:: Action item ::
Look below for the line holding "X190000000Y-103000000D01*" and the line holding "X146000000Y-99750000D02*". Transcribe exactly those lines and all lines between them, nothing more.

(Data for review begins)

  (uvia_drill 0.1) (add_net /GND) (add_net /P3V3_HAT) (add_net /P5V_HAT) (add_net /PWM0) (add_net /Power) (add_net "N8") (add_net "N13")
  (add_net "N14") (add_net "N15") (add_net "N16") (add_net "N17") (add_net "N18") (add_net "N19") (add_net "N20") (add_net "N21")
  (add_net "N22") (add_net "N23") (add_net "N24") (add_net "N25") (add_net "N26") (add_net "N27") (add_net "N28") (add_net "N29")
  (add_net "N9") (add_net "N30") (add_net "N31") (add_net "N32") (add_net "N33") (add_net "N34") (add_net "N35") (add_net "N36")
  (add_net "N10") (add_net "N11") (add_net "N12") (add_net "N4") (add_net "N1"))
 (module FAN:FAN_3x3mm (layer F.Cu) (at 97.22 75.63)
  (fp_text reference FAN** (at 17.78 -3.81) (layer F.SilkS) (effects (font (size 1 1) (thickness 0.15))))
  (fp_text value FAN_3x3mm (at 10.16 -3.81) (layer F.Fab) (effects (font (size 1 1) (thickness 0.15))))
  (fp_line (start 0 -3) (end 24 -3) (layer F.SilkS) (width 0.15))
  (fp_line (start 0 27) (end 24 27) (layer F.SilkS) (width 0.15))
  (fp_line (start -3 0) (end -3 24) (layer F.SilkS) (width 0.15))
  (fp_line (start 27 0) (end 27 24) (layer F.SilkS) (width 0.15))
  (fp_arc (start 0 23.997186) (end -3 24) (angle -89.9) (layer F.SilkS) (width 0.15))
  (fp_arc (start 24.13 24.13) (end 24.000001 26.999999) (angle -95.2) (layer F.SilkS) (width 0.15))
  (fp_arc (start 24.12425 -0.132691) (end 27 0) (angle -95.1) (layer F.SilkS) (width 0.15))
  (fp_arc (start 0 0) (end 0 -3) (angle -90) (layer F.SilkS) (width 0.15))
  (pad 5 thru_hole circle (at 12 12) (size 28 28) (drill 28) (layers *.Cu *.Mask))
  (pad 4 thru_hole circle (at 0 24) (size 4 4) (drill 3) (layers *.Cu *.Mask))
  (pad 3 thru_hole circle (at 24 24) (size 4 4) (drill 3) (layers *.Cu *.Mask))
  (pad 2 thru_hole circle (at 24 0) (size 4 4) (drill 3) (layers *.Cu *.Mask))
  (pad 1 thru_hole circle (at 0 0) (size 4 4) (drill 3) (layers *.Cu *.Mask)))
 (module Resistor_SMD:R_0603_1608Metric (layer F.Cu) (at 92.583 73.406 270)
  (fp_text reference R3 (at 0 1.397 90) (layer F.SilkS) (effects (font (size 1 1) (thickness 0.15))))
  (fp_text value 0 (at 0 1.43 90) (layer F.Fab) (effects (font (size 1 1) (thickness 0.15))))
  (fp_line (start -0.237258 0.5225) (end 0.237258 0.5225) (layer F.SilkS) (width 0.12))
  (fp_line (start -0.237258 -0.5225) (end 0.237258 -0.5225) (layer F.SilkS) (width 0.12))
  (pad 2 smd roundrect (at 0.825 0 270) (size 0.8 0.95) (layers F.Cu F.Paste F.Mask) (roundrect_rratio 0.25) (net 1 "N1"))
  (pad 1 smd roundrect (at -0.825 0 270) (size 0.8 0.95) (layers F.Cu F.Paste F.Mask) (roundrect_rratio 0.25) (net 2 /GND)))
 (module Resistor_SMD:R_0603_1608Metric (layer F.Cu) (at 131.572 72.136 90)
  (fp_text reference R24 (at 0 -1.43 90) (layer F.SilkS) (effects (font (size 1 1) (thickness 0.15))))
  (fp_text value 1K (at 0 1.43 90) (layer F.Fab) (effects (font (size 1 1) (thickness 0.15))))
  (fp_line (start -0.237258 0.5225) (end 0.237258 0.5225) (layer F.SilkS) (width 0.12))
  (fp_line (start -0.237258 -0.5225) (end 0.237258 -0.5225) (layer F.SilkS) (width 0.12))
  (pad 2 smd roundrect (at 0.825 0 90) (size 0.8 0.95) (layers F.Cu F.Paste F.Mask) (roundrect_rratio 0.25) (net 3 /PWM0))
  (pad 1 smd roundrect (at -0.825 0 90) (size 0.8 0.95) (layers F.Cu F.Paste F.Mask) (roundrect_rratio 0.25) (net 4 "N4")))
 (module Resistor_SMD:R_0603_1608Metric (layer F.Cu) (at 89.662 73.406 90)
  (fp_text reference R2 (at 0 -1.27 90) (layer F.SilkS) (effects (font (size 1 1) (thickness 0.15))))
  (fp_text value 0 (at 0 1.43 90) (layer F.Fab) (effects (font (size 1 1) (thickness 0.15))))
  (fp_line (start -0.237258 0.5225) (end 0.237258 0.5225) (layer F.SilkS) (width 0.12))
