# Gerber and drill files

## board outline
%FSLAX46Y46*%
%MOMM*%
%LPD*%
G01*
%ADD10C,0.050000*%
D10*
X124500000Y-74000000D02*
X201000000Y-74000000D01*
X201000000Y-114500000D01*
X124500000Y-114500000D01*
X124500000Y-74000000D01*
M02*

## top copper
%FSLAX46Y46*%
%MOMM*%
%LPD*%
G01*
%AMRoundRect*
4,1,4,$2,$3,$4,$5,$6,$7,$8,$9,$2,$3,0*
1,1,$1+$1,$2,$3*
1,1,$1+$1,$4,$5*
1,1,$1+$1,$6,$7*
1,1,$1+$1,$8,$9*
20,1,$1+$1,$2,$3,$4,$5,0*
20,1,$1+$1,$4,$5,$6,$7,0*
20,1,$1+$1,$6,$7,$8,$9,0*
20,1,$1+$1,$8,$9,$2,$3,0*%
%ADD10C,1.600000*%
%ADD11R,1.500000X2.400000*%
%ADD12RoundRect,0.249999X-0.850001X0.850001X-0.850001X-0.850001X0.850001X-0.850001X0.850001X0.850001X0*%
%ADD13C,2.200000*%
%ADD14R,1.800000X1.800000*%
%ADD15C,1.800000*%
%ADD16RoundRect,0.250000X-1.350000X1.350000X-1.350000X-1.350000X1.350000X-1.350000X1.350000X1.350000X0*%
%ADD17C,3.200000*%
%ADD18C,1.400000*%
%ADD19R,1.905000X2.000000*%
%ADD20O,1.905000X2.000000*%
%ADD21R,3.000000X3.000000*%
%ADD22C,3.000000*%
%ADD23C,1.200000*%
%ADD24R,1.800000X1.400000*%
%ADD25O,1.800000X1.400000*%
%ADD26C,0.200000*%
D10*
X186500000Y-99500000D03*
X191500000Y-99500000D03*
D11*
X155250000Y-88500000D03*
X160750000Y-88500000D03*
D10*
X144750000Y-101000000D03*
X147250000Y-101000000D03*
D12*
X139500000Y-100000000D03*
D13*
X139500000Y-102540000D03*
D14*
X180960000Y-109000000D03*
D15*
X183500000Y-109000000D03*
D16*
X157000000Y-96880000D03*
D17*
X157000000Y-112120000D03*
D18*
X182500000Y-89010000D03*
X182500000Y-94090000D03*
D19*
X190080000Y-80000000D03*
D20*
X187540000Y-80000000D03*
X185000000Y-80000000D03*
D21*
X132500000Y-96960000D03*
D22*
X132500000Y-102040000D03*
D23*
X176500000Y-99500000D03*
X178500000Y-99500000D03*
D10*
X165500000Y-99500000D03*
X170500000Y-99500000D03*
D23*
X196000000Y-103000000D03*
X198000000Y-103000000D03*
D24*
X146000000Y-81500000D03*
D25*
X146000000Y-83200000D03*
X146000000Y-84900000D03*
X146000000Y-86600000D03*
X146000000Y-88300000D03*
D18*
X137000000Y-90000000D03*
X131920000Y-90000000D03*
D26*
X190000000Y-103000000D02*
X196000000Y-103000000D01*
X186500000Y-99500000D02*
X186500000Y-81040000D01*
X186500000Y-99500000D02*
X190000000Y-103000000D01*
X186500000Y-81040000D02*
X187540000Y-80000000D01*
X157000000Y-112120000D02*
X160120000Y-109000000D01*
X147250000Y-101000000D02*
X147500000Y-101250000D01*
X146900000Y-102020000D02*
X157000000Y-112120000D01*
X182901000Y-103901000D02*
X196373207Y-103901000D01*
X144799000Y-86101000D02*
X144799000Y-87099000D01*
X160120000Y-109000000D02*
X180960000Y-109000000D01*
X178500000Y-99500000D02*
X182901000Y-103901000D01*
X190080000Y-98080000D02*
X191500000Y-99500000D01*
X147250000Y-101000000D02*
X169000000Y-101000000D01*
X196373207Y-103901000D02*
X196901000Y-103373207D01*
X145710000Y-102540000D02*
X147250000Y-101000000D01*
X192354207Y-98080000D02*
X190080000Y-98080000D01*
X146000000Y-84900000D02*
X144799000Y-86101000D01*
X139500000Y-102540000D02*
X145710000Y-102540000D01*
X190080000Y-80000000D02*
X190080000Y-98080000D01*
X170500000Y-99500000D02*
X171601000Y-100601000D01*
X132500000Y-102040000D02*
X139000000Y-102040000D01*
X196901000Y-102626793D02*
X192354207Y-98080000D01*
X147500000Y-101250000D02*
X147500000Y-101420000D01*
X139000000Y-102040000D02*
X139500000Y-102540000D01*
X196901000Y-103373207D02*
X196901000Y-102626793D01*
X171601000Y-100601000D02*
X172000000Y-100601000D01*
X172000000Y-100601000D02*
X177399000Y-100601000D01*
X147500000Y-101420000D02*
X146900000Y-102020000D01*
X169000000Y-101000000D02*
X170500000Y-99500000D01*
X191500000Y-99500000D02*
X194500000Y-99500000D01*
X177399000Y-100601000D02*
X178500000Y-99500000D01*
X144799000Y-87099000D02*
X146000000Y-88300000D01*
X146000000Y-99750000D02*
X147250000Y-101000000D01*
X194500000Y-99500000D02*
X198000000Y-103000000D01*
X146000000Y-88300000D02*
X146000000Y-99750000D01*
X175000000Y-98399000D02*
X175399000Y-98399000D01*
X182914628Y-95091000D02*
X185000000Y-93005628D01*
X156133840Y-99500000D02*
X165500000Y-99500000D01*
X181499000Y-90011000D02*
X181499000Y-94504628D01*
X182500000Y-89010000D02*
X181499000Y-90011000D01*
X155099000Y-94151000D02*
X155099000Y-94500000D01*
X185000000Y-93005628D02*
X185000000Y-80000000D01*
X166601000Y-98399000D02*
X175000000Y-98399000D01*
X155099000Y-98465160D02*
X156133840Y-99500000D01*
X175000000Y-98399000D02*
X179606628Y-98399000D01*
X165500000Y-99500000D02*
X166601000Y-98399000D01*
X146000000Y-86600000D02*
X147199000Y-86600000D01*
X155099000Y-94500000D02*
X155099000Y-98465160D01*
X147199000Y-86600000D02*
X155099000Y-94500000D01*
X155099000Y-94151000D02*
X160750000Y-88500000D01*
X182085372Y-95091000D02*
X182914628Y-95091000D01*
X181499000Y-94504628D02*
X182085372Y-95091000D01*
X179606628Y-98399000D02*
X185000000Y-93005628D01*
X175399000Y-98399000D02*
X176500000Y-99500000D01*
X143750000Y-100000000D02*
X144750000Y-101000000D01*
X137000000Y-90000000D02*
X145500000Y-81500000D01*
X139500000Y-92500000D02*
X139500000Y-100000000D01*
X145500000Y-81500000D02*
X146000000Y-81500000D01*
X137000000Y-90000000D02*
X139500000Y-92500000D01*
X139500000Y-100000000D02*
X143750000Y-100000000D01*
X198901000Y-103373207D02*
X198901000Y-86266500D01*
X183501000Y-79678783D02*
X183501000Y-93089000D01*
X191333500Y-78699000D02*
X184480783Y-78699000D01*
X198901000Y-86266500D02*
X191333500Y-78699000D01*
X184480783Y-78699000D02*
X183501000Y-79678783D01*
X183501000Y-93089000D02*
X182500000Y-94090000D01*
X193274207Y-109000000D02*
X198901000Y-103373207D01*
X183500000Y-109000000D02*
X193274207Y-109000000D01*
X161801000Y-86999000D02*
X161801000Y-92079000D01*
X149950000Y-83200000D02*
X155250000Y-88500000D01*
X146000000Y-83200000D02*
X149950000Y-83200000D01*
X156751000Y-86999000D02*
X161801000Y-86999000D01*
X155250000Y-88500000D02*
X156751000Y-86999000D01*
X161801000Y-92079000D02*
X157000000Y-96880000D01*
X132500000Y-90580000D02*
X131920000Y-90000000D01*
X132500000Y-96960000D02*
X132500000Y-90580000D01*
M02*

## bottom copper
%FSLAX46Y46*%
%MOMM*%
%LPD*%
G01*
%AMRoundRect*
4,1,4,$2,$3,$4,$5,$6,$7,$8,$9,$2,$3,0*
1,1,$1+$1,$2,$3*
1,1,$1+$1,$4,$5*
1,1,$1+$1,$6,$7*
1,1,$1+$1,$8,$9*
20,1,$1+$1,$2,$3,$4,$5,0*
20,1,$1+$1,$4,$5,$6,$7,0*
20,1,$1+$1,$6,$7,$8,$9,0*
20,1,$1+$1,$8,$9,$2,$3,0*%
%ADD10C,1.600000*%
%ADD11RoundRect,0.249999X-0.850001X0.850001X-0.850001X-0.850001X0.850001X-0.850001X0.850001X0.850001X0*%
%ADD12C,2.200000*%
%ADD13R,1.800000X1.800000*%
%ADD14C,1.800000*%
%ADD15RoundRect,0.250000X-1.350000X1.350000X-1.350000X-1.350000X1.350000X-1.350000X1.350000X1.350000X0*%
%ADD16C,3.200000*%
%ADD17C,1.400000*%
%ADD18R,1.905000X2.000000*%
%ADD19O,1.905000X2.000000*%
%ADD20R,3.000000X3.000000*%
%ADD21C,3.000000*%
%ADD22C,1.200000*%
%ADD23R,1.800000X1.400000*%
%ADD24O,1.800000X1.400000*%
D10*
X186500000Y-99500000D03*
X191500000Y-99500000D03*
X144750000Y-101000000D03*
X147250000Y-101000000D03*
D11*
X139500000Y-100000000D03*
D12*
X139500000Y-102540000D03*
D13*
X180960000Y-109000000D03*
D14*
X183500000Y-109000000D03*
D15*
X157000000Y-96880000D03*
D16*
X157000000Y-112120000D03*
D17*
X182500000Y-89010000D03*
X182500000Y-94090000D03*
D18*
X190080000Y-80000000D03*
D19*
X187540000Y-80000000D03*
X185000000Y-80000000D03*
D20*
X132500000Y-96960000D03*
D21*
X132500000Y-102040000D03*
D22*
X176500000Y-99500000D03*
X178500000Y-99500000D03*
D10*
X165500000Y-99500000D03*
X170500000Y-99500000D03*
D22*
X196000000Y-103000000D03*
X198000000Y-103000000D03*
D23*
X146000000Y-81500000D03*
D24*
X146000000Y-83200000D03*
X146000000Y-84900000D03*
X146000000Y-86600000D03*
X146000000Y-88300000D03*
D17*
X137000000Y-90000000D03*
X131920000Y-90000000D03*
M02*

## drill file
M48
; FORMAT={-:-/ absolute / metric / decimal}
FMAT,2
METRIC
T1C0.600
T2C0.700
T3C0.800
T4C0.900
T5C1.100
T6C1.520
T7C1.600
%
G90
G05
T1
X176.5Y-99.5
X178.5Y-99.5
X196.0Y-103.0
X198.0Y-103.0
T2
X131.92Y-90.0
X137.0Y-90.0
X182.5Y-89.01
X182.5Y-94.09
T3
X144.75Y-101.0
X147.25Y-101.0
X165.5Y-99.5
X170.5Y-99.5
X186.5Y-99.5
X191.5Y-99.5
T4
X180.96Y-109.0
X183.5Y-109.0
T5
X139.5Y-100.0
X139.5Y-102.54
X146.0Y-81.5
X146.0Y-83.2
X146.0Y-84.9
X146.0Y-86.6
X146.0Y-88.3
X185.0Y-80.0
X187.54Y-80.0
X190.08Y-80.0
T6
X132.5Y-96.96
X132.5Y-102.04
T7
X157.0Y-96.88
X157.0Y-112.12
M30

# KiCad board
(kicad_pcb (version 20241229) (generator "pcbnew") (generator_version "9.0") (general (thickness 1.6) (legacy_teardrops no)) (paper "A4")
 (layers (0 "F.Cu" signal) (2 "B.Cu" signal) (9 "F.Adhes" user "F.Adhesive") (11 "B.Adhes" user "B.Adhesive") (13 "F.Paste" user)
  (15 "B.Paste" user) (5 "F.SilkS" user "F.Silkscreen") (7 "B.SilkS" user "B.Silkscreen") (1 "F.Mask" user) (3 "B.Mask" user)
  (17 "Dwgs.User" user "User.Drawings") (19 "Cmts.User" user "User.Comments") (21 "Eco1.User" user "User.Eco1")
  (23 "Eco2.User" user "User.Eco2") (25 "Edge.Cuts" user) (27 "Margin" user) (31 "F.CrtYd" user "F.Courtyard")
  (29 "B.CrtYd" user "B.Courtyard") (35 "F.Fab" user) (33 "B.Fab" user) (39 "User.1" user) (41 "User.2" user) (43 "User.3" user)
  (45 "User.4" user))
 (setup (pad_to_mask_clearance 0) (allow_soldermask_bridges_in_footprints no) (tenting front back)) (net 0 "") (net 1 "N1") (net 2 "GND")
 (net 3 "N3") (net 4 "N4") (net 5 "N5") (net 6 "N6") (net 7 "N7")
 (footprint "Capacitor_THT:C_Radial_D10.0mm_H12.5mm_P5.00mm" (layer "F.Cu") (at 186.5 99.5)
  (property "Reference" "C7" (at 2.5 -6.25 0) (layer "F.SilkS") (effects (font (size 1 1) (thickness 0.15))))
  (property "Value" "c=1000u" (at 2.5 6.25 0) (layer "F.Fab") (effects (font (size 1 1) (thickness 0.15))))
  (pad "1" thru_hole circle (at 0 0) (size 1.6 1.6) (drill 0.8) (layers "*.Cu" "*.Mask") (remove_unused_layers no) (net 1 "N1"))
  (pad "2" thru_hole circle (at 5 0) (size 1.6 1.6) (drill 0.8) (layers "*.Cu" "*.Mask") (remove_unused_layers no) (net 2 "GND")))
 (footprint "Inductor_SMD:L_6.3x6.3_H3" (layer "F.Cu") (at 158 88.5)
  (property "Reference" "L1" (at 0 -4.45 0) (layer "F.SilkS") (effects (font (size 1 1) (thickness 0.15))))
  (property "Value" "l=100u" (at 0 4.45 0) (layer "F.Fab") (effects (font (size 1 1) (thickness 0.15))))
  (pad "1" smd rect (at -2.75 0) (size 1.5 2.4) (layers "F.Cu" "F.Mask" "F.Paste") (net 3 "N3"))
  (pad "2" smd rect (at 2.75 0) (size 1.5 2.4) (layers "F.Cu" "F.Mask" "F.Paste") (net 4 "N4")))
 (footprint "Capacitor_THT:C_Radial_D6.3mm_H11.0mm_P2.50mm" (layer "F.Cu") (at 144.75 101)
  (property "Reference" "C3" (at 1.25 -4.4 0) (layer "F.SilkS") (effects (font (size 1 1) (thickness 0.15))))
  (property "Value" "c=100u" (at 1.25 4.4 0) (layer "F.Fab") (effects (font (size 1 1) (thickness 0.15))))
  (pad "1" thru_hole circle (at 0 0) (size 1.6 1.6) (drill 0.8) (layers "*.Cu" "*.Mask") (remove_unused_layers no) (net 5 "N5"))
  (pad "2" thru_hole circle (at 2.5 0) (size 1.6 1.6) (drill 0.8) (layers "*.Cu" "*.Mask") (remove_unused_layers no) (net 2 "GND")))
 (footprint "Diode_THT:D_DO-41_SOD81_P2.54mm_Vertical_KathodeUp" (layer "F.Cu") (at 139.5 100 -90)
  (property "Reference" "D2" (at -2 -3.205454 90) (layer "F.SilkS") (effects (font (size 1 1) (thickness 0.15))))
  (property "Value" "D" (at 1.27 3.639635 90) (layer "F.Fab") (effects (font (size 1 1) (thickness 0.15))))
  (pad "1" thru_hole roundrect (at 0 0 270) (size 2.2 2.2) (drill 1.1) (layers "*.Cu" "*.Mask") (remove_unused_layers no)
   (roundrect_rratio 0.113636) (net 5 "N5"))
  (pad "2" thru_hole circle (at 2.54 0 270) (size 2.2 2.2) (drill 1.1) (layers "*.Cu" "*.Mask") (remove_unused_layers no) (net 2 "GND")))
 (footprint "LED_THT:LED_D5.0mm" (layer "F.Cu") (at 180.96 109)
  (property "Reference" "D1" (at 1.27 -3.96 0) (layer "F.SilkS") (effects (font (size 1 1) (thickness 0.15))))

(Data for review ends)

:: Expected output ::
X190000000Y-103000000D01*
X186500000Y-81040000D02*
X187540000Y-80000000D01*
X157000000Y-112120000D02*
X160120000Y-109000000D01*
X147250000Y-101000000D02*
X147500000Y-101250000D01*
X146900000Y-102020000D02*
X157000000Y-112120000D01*
X182901000Y-103901000D02*
X196373207Y-103901000D01*
X144799000Y-86101000D02*
X144799000Y-87099000D01*
X160120000Y-109000000D02*
X180960000Y-109000000D01*
X178500000Y-99500000D02*
X182901000Y-103901000D01*
X190080000Y-98080000D02*
X191500000Y-99500000D01*
X147250000Y-101000000D02*
X169000000Y-101000000D01*
X196373207Y-103901000D02*
X196901000Y-103373207D01*
X145710000Y-102540000D02*
X147250000Y-101000000D01*
X192354207Y-98080000D02*
X190080000Y-98080000D01*
X146000000Y-84900000D02*
X144799000Y-86101000D01*
X139500000Y-102540000D02*
X145710000Y-102540000D01*
X190080000Y-80000000D02*
X190080000Y-98080000D01*
X170500000Y-99500000D02*
X171601000Y-100601000D01*
X132500000Y-102040000D02*
X139000000Y-102040000D01*
X196901000Y-102626793D02*
X192354207Y-98080000D01*
X147500000Y-101250000D02*
X147500000Y-101420000D01*
X139000000Y-102040000D02*
X139500000Y-102540000D01*
X196901000Y-103373207D02*
X196901000Y-102626793D01*
X171601000Y-100601000D02*
X172000000Y-100601000D01*
X172000000Y-100601000D02*
X177399000Y-100601000D01*
X147500000Y-101420000D02*
X146900000Y-102020000D01*
X169000000Y-101000000D02*
X170500000Y-99500000D01*
X191500000Y-99500000D02*
X194500000Y-99500000D01*
X177399000Y-100601000D02*
X178500000Y-99500000D01*
X144799000Y-87099000D02*
X146000000Y-88300000D01*
X146000000Y-99750000D02*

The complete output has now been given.